==== Provided data

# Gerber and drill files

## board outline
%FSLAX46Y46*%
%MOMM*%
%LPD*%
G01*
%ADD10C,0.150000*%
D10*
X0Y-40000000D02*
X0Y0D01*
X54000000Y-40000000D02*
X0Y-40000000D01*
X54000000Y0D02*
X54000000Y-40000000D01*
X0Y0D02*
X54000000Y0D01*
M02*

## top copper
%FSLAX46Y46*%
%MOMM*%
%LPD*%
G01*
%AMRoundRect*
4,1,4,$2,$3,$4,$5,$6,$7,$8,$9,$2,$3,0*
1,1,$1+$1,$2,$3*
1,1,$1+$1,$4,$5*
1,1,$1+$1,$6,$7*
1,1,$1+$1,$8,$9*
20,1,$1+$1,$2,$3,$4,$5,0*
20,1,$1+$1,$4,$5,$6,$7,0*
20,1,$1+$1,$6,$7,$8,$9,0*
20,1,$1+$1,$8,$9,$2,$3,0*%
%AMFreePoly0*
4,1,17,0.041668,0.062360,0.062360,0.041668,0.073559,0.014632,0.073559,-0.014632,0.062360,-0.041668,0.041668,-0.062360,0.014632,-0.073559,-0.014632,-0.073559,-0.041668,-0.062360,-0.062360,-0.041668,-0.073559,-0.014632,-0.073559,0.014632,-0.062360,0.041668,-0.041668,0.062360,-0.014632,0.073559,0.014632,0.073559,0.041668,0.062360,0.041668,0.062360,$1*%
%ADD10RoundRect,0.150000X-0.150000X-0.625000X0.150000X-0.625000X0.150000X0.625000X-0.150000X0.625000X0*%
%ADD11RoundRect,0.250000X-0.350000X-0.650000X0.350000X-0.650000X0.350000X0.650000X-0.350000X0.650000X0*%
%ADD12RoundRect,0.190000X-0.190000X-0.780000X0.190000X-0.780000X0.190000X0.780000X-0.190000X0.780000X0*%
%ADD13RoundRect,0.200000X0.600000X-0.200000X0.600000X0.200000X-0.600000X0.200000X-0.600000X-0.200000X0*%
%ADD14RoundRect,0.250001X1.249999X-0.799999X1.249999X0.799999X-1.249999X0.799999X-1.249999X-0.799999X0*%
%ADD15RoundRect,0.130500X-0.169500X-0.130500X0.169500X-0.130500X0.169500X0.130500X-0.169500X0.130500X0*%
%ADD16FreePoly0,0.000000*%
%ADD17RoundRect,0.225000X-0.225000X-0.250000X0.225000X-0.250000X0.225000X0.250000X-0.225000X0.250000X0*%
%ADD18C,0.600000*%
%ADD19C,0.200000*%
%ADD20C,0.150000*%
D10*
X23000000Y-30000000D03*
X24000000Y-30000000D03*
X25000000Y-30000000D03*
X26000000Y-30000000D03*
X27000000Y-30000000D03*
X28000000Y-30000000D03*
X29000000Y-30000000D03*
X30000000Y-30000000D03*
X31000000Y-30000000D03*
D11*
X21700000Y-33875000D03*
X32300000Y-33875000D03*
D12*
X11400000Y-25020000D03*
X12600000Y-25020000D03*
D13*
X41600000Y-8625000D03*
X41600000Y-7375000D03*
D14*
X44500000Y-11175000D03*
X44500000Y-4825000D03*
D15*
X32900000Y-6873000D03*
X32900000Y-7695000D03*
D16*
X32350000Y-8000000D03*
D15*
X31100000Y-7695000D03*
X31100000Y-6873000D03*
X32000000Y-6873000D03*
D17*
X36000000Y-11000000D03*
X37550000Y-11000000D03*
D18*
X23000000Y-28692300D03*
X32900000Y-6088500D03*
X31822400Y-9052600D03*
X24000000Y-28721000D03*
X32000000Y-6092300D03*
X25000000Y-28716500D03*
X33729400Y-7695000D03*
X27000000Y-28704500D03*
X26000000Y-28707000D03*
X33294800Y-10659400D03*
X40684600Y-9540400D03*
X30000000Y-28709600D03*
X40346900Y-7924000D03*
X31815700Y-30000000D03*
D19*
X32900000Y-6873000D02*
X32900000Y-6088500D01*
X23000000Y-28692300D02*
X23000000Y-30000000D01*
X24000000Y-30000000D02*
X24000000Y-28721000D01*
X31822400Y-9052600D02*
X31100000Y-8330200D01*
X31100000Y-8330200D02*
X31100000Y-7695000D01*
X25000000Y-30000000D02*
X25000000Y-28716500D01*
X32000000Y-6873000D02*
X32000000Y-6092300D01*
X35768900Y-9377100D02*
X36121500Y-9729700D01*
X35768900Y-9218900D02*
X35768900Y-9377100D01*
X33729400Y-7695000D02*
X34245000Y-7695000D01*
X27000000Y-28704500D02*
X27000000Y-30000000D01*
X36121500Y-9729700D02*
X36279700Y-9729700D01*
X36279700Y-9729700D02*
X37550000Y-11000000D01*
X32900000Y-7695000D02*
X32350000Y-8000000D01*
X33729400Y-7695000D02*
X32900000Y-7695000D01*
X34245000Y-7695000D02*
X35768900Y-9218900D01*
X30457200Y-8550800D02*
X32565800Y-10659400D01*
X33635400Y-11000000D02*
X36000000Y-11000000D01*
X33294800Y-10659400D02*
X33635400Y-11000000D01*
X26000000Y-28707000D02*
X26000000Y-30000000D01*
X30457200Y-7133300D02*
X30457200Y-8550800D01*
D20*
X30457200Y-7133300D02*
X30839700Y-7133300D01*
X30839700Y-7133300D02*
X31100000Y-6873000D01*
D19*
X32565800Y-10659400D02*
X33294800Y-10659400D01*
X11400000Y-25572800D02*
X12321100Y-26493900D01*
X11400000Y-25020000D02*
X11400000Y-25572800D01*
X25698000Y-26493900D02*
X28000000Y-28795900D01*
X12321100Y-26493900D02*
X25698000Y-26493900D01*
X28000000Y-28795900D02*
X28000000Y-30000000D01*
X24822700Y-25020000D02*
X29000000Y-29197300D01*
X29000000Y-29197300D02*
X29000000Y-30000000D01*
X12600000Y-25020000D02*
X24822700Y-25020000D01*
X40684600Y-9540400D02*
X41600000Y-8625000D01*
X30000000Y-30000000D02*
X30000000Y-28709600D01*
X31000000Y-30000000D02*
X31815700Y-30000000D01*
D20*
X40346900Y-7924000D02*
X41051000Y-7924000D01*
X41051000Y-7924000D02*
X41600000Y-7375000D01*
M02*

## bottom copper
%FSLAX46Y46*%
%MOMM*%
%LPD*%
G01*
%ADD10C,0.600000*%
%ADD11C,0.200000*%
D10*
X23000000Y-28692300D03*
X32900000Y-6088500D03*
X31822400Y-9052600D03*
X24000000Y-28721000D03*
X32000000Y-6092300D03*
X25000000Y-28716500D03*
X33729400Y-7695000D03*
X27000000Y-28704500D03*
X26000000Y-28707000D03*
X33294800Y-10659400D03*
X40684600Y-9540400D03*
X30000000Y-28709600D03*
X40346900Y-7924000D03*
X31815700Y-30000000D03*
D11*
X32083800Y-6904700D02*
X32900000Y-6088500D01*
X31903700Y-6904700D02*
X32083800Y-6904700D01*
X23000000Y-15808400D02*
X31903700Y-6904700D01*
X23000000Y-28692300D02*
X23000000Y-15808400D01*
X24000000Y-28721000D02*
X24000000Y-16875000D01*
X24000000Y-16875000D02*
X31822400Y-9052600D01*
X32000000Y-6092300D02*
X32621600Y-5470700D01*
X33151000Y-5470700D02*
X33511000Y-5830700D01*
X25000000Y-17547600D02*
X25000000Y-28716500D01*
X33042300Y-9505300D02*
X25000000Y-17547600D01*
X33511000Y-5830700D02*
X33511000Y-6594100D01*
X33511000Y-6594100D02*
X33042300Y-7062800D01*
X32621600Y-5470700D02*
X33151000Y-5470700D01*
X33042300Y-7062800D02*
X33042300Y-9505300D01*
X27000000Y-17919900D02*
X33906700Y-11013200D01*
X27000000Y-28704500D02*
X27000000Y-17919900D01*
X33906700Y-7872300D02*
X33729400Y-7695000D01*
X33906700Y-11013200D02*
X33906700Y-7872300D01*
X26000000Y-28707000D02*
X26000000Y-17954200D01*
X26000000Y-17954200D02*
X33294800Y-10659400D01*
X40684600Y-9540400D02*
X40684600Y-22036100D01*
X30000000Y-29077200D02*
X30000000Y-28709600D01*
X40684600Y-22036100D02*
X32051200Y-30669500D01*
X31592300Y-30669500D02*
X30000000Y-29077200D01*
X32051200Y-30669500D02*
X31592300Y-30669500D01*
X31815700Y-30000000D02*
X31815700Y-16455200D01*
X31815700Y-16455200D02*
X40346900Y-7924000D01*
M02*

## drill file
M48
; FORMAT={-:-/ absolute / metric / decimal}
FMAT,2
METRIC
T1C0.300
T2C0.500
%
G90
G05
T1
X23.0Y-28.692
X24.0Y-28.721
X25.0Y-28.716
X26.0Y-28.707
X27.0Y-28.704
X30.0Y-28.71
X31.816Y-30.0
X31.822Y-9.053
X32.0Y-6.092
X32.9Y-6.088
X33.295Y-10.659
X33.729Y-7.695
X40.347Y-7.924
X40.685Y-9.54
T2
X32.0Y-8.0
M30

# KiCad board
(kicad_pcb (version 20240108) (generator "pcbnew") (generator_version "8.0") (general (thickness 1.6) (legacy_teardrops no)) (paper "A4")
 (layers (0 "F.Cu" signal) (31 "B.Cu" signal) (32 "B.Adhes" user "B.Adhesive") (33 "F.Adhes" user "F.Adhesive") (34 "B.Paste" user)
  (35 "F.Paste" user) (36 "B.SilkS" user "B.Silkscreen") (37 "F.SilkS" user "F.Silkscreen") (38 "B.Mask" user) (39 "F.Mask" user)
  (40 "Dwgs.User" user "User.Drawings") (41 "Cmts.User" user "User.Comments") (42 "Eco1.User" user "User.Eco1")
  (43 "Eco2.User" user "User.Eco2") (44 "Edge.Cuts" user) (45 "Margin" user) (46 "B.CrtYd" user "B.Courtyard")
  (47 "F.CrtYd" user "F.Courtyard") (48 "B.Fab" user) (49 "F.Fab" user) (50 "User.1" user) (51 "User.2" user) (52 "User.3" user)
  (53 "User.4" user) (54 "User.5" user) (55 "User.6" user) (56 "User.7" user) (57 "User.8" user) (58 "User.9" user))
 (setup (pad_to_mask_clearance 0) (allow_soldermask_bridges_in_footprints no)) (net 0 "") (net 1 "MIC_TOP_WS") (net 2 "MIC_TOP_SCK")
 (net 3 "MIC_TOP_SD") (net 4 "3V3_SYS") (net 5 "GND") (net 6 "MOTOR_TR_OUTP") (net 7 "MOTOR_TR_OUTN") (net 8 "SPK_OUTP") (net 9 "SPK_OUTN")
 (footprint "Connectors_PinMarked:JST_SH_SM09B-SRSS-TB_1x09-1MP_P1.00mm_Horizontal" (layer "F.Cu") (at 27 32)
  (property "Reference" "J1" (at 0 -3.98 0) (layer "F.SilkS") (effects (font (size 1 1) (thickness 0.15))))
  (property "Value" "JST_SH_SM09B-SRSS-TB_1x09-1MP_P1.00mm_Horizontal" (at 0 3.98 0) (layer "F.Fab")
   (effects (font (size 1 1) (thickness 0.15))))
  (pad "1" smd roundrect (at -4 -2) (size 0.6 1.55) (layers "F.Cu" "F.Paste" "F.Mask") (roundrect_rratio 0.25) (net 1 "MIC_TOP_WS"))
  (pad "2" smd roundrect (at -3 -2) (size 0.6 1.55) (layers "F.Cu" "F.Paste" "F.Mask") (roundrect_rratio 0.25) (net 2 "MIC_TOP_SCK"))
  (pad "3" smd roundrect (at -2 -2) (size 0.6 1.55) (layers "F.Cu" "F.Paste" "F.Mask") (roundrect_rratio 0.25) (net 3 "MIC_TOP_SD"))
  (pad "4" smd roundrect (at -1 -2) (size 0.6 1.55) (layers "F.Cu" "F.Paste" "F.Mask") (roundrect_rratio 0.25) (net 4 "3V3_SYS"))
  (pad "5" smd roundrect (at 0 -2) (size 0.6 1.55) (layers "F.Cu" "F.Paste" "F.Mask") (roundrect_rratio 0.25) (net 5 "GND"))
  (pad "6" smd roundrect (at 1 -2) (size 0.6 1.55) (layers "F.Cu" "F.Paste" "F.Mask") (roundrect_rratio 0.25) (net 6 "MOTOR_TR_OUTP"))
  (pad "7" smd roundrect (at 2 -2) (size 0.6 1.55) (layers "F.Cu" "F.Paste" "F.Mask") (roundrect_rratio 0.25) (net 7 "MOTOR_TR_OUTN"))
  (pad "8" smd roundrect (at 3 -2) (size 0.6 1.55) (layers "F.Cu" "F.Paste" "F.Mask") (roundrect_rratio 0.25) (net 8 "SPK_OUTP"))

========

The problem: The lines above starting at the one that contains "X41600000Y-8625000D01*" and ending at the one that contains "X32083800Y-6904700D02*" must be transcribed exactly, and no other lines may appear.

Answer space:
X41600000Y-8625000D01*
X30000000Y-30000000D02*
X30000000Y-28709600D01*
X31000000Y-30000000D02*
X31815700Y-30000000D01*
D20*
X40346900Y-7924000D02*
X41051000Y-7924000D01*
X41051000Y-7924000D02*
X41600000Y-7375000D01*
M02*

## bottom copper
%FSLAX46Y46*%
%MOMM*%
%LPD*%
G01*
%ADD10C,0.600000*%
%ADD11C,0.200000*%
D10*
X23000000Y-28692300D03*
X32900000Y-6088500D03*
X31822400Y-9052600D03*
X24000000Y-28721000D03*
X32000000Y-6092300D03*
X25000000Y-28716500D03*
X33729400Y-7695000D03*
X27000000Y-28704500D03*
X26000000Y-28707000D03*
X33294800Y-10659400D03*
X40684600Y-9540400D03*
X30000000Y-28709600D03*
X40346900Y-7924000D03*
X31815700Y-30000000D03*
D11*
X32083800Y-6904700D02*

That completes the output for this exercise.